The roxul creates an air seal, as it is stuffed real tight and stops heat from leaving your house.  Without it, you will have to seal other ways to stop the air flow. This would negate the point of the poor mans block off, and would require more precise cuts and silicone to seal the edges, and another way to seal around the liner.


----------



## fire_man (Oct 9, 2011)

Makes sense, thanks.


----------



## stejus (Oct 9, 2011)

EJL923 - This looks great and far better than just stuffing insulation up there like my current situation.  One question, can this be done with the stove in place?  I had some reach issues with stuffing insulation up there so I'm trying to figure a way to do it like yours, without pulling the stove out.


----------



## rakuz66 (Oct 9, 2011)

Is that spray foam insulation?


----------



## begreen (Oct 9, 2011)

Packed Roxul.


----------



## EJL923 (Oct 9, 2011)

I did mine with the stove in place. Without pics I have no idea whether or not you can.

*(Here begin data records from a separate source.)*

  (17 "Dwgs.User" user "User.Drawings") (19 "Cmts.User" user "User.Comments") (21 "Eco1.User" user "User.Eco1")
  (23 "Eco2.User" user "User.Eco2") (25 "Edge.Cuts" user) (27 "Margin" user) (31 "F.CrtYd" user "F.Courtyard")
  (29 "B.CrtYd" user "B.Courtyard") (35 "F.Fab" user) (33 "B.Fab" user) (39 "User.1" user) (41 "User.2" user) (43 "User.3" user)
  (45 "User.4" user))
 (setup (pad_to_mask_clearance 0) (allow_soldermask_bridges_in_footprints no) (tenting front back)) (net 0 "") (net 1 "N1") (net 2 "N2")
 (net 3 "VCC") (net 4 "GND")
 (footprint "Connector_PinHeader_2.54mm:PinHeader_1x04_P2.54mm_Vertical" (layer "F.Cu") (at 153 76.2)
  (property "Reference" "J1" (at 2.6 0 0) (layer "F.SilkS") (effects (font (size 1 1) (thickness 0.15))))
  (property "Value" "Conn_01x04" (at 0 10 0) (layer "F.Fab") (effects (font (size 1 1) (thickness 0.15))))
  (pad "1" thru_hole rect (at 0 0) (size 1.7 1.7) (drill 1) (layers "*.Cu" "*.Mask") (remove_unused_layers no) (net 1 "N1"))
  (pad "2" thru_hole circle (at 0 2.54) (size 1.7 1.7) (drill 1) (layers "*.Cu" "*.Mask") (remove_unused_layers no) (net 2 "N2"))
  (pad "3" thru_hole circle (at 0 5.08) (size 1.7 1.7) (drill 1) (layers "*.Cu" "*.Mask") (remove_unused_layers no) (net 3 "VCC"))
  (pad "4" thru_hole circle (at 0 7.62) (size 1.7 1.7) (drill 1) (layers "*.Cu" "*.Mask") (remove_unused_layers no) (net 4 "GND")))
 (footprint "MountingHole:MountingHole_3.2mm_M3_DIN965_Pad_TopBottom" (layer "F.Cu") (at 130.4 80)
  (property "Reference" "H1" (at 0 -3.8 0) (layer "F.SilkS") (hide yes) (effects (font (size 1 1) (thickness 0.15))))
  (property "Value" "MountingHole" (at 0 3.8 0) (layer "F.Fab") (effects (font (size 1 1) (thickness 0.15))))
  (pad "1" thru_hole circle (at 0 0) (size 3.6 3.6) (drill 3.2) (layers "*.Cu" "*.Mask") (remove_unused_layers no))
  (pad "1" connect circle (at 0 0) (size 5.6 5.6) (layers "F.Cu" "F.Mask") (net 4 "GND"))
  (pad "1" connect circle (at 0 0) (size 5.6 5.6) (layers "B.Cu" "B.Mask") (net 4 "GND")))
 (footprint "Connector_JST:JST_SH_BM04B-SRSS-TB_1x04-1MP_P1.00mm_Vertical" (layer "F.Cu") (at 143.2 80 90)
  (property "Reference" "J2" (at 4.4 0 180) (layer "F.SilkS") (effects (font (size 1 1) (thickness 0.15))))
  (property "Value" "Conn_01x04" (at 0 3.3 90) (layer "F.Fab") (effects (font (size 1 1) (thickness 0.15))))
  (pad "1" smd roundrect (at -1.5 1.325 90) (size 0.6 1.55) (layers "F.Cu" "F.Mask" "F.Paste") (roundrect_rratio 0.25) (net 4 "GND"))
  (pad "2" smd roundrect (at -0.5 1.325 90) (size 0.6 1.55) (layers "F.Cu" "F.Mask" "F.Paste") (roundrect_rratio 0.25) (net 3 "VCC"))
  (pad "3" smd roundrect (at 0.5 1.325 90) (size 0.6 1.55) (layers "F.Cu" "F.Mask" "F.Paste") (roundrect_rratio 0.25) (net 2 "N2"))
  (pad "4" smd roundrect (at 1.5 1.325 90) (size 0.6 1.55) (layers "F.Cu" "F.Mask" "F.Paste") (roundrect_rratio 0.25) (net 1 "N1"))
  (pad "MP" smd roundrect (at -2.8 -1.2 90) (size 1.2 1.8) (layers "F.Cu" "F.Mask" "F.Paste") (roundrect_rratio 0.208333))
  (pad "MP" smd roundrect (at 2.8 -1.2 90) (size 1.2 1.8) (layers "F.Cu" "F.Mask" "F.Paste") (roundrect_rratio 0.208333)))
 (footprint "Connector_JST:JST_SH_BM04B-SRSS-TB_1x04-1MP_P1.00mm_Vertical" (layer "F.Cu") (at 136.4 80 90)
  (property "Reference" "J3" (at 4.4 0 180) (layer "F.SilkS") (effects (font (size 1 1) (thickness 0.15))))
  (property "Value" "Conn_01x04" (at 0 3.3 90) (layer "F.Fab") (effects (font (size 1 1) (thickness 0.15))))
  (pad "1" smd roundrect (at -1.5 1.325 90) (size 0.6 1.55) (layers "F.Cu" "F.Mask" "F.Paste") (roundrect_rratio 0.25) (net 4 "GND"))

It was tight, but I managed.


----------



## tickbitty (Oct 9, 2011)

Hmmm... makes me wonder if it could be held up with magnets, that's how I did my mantel shield.  A metal sculptor gave me a thick blanket of kaowool, but I haven't put it up there yet, and I'm certain it would be a bad idea in my particular situation to have it in there without a plate of some sort.  (I have an insert, but no surround panel, so I feel like it would be dropping junk on my stove as well as blowing out...)  We will see.


----------



## DanCorcoran (Oct 9, 2011)

tickbitty said:
			
		

> Hmmm... makes me wonder if it could be held up with magnets,



Not sure, but I think heat causes a loss of magnetism.  Someone on this site will know for sure....


----------



## Danno77 (Oct 9, 2011)

DanCorcoran said:
			
		

> tickbitty said:
> 
> 
> 
> ...


It does, but not at these low temps. Many a flu thermometer is held on with magnets. I overfired once and my magnet gave out a little and never recovered. It kinda slid down the pipe. Now it sits on the stovetop. Still sticks, just not like it did.


----------



## mhrischuk (Oct 10, 2011)

magnets and heat don't mix


----------



## begreen (Oct 10, 2011)

My understanding is that magnets don't lose their magnetism until north of ~900F. If your lintel is hotter than this, call 911!


----------



## NCredneck (Oct 13, 2011)

If you have an existing damper assembly and have to cut or notch some of it out for the liner, can't the remaining damper be used as a block off plate? I was originally going to construct one but I got to thinking the damper could be used for the same thing. I guess the biggest issue would be how hard it is to get the roxul up there but figuring that out might be easier than constructing and mounting a plate.


----------



## rakuz66 (Oct 13, 2011)

I get so many conflicting reports on these block off plates.  Not trying to create drama, just some things people have told me.  
1.  Don't use insulation in the chase if you have a blower, it will only blow the nasty stuff into ur house.
2.  Not necessary if you have an insert with surround panels and a positive connection( full ss liner)
3.  Could create a fire hazard.
4.  Won't give you back as much as it takes to install.
5.  You want warm air in the chimney to help decrease creosote build up.
6.  Just for free standing stoves.
7.  No need if you have an interior chimney.
8.  If ur draft is working fine, don't mess with anything.  
9.  Block off SS liner at top of flue with insulation and your fine.


----------



## begreen (Oct 13, 2011)

It is confusing, especially when confounded by conjecture. Welcome to the internet.


----------



## EJL923 (Oct 13, 2011)

One thing is for sure, you want to block air flow around the exterior of the liner.  Some people do it at the top, some at the bottom, some both.  I have been going back and forth about sealing the top.  My installers originally siliconed the top plate to the top of the clay tile, like a lot of people do.  I read through my Jotul manual, and they say specifically not to seal the top.  Even though the flue will be be warmer when sealed from the top, i tend to agree with the manual and the issue is safety.  What if something were to happen to the liner, and gases were allowed to escape?  They would have nowhere to go.  I am guessing that is the reason for this.  My top cap has since slightly seperated from the top clay, but still has flanges to keep it water proof.  I am hesitant to seal this back up, which is why i made the poor mans block off.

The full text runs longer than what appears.